Geschichte der Geburtshilfe
Bis in die Neuzeit hinein war die Geburtshilfe eine Domäne der Frauen. Männer beschäftigten sich bestenfalls in theoretischen Abhandlungen mit diesem Thema. Männliche Geburtshelfer waren lange Zeit eher die Ausnahme.
Das Wissen über die Geburtshilfe wurde früher vorrangig mündlich weitergegeben, Fachbücher gab es nur wenige. Als erstes wissenschaftliches Werk zum Thema Geburtshilfe gilt die Schrift "Neues Hebammenlicht" des Holländers van Deventer aus dem Jahre 1701.
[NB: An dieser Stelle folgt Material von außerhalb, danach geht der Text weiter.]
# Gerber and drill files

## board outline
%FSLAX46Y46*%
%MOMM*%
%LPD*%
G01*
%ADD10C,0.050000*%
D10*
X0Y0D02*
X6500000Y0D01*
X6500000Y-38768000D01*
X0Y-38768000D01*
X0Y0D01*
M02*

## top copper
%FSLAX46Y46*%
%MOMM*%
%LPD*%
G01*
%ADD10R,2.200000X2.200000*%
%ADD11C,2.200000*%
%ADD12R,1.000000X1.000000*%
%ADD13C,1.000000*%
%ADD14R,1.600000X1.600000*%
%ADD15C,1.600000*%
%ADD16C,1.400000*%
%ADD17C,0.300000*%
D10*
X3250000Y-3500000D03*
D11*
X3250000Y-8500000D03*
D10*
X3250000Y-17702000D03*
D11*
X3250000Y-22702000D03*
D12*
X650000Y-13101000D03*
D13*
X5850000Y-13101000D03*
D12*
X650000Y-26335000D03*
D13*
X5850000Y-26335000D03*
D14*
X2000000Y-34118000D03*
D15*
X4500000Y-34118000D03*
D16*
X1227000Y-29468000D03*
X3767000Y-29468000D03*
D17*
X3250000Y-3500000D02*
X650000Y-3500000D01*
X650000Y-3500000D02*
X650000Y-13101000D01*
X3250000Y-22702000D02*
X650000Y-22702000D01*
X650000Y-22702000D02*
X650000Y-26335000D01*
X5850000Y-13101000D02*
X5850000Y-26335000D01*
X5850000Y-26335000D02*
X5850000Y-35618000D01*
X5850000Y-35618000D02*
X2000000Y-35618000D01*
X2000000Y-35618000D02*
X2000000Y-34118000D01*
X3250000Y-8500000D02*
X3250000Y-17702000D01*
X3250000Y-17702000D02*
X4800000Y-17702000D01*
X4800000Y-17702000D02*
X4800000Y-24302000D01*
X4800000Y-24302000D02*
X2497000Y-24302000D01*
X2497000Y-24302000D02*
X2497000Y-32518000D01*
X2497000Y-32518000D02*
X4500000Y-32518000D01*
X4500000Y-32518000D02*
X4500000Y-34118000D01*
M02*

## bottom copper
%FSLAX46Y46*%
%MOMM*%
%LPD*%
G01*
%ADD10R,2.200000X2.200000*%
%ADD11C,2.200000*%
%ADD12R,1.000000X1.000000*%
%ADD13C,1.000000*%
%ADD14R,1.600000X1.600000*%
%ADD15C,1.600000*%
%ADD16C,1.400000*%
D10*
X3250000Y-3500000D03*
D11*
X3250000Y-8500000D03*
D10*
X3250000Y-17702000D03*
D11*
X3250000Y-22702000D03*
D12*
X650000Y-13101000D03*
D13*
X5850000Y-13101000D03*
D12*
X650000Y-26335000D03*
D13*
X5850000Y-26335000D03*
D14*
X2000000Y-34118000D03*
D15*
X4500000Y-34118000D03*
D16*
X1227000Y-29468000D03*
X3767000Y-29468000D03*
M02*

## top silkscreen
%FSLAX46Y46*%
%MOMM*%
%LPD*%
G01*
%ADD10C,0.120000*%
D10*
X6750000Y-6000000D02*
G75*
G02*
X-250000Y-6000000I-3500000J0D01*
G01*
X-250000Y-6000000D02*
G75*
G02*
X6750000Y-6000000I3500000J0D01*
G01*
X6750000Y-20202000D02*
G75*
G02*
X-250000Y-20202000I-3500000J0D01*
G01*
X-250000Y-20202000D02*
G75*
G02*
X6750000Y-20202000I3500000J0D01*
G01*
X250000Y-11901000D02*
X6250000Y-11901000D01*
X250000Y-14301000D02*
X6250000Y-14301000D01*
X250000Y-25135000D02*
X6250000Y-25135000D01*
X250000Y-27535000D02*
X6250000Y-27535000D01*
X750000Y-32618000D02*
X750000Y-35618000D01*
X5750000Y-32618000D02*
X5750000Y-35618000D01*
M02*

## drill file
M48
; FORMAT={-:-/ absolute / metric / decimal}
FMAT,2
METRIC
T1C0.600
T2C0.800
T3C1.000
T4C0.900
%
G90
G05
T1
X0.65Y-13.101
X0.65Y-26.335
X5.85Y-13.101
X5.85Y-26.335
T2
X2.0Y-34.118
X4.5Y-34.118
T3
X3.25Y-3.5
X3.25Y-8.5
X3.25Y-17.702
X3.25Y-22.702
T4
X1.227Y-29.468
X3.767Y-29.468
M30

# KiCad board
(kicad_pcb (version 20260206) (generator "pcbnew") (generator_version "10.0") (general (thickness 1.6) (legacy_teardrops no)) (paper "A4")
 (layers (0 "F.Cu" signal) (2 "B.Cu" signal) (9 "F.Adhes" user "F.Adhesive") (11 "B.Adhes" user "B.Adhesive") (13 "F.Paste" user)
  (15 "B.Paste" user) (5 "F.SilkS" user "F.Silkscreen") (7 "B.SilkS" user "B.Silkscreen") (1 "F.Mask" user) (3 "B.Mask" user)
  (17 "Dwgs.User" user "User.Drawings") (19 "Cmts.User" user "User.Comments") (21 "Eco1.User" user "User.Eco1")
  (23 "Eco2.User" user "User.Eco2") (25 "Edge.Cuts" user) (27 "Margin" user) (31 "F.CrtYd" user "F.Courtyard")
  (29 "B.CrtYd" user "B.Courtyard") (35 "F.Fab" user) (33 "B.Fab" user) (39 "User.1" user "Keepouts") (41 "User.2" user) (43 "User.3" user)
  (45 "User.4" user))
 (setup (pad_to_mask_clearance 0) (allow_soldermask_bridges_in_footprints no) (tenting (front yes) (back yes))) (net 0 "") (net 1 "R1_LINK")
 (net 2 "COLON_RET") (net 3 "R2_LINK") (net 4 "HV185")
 (gr_rect (start 0 0) (end 6.5 38.7680) (stroke (width 0.05) (type default)) (fill none) (layer "Edge.Cuts"))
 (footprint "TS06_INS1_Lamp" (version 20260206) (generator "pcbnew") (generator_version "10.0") (layer "F.Cu") (at 3.2500 6.0000)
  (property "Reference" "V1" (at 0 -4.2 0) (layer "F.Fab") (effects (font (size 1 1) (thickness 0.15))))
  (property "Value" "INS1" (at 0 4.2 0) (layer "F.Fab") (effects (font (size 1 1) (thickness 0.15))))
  (pad "1" thru_hole rect (at 0.0000 -2.5000) (size 2.2 2.2) (drill 1.0) (layers "*.Cu" "*.Mask") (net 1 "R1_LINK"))
  (pad "2" thru_hole circle (at 0.0000 2.5000) (size 2.2 2.2) (drill 1.0) (layers "*.Cu" "*.Mask") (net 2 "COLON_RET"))
  (fp_circle (center 0 0) (end 0 3.5) (stroke (width 0.12) (type solid)) (fill no) (layer "F.SilkS")))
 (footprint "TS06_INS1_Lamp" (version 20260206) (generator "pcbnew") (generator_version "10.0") (layer "F.Cu") (at 3.2500 20.2020)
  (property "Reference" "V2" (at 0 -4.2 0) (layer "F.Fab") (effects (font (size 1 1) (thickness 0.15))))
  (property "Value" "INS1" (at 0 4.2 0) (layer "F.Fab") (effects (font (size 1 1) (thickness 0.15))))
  (pad "1" thru_hole rect (at 0.0000 -2.5000) (size 2.2 2.2) (drill 1.0) (layers "*.Cu" "*.Mask") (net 2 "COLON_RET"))
  (pad "2" thru_hole circle (at 0.0000 2.5000) (size 2.2 2.2) (drill 1.0) (layers "*.Cu" "*.Mask") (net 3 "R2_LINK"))
  (fp_circle (center 0 0) (end 0 3.5) (stroke (width 0.12) (type solid)) (fill no) (layer "F.SilkS")))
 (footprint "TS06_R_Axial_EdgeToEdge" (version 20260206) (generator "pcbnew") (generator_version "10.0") (layer "F.Cu") (at 3.2500 13.1010)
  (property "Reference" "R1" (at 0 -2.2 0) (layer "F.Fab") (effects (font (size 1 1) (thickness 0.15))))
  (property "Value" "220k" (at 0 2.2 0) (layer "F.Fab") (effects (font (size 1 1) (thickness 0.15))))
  (pad "1" thru_hole rect (at -2.6000 0.0000) (size 1.0 1.0) (drill 0.6) (layers "*.Cu" "*.Mask") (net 1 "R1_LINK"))
  (pad "2" thru_hole circle (at 2.6000 0.0000) (size 1.0 1.0) (drill 0.6) (layers "*.Cu" "*.Mask") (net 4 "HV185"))
  (fp_line (start -3.0 -1.2) (end 3.0 -1.2) (stroke (width 0.12) (type solid)) (layer "F.SilkS"))
  (fp_line (start -3.0 1.2) (end 3.0 1.2) (stroke (width 0.12) (type solid)) (layer "F.SilkS")))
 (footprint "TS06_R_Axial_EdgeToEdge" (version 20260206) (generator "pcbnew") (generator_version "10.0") (layer "F.Cu") (at 3.2500 26.3350)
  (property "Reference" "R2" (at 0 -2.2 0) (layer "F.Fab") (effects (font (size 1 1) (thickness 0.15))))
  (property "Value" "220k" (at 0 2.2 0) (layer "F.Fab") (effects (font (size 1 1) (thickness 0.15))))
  (pad "1" thru_hole rect (at -2.6000 0.0000) (size 1.0 1.0) (drill 0.6) (layers "*.Cu" "*.Mask") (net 3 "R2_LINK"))
  (pad "2" thru_hole circle (at 2.6000 0.0000) (size 1.0 1.0) (drill 0.6) (layers "*.Cu" "*.Mask") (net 4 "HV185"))
  (fp_line (start -3.0 -1.2) (end 3.0 -1.2) (stroke (width 0.12) (type solid)) (layer "F.SilkS"))
  (fp_line (start -3.0 1.2) (end 3.0 1.2) (stroke (width 0.12) (type solid)) (layer "F.SilkS")))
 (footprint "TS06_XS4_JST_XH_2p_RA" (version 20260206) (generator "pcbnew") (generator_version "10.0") (layer "F.Cu") (at 3.2500 34.1180)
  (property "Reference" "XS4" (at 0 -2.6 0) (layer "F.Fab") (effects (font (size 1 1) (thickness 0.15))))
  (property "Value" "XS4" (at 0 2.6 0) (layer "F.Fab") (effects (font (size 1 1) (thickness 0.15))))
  (pad "1" thru_hole rect (at -1.2500 0.0000) (size 1.6 1.6) (drill 0.8) (layers "*.Cu" "*.Mask") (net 4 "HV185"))
  (pad "2" thru_hole circle (at 1.2500 0.0000) (size 1.6 1.6) (drill 0.8) (layers "*.Cu" "*.Mask") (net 2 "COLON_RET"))
  (fp_line (start -2.5 -1.5) (end -2.5 1.5) (stroke (width 0.12) (type solid)) (layer "F.SilkS"))
  (fp_line (start 2.5 -1.5) (end 2.5 1.5) (stroke (width 0.12) (type solid)) (layer "F.SilkS")))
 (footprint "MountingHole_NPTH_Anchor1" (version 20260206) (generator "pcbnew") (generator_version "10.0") (layer "F.Cu")
  (at 1.2270 29.4680)
  (pad "" np_thru_hole circle (at 0 0) (size 1.4 1.4) (drill 0.9) (layers "F&B.Cu" "*.Mask")))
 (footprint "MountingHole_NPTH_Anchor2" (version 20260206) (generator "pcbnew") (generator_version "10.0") (layer "F.Cu")
  (at 3.7670 29.4680)
  (pad "" np_thru_hole circle (at 0 0) (size 1.4 1.4) (drill 0.9) (layers "F&B.Cu" "*.Mask")))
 (segment (start 3.2500 3.5000) (end 0.6500 3.5000) (width 0.3) (layer "F.Cu") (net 1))
 (segment (start 0.6500 3.5000) (end 0.6500 13.1010) (width 0.3) (layer "F.Cu") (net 1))
 (segment (start 3.2500 22.7020) (end 0.6500 22.7020) (width 0.3) (layer "F.Cu") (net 3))
 (segment (start 0.6500 22.7020) (end 0.6500 26.3350) (width 0.3) (layer "F.Cu") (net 3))
 (segment (start 5.8500 13.1010) (end 5.8500 26.3350) (width 0.3) (layer "F.Cu") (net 4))
 (segment (start 5.8500 26.3350) (end 5.8500 35.6180) (width 0.3) (layer "F.Cu") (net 4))
 (segment (start 5.8500 35.6180) (end 2.0000 35.6180) (width 0.3) (layer "F.Cu") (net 4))
 (segment (start 2.0000 35.6180) (end 2.0000 34.1180) (width 0.3) (layer "F.Cu") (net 4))
 (segment (start 3.2500 8.5000) (end 3.2500 17.7020) (width 0.3) (layer "F.Cu") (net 2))
 (segment (start 3.2500 17.7020) (end 4.8000 17.7020) (width 0.3) (layer "F.Cu") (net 2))
 (segment (start 4.8000 17.7020) (end 4.8000 24.3020) (width 0.3) (layer "F.Cu") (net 2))
 (segment (start 4.8000 24.3020) (end 2.4970 24.3020) (width 0.3) (layer "F.Cu") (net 2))
 (segment (start 2.4970 24.3020) (end 2.4970 32.5180) (width 0.3) (layer "F.Cu") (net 2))
 (segment (start 2.4970 32.5180) (end 4.5000 32.5180) (width 0.3) (layer "F.Cu") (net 2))
 (segment (start 4.5000 32.5180) (end 4.5000 34.1180) (width 0.3) (layer "F.Cu") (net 2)))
Im 18. Jahrhundert wurde die Geburtszange erfunden. Eine Zangengeburt war aber allgemein nur Ärzten erlaubt. 1741 bot die medizinische Fakultät der Universität Halle erste Kurse im Fach Geburtshilfe an. Mitte des 18. Jahrhunderts wurden in England die ersten Geburten künstlich eingeleitet, um einen Kaiserschnitt zu vermeiden. Die Methode des Kaiserschnitts war zwar schon in der Antike bekannt, allerdings konnte er bis in die Neuzeit hinein nur an der toten Mutter vorgenommen werden, um eventuell das Kind zu retten. Seit dem 18. Jahrhundert wurden schließlich auch die Hebammen mehr und mehr von den Medizinern aus der Geburtshilfe verdrängt. Mittlerweile hat sich allerdings die Ansicht wieder breit gemacht, dass eine natürliche Geburt ohne Komplikationen kein ärztliches Eingreifen erfordert. Erst seit den letzten Jahrzehnten wird Geburtshilfe nicht mehr als Teilgebiet der Chirurgie angesehen. Man spricht heute vermehrt von einer sanften Geburt als erstrebenswertes Ziel.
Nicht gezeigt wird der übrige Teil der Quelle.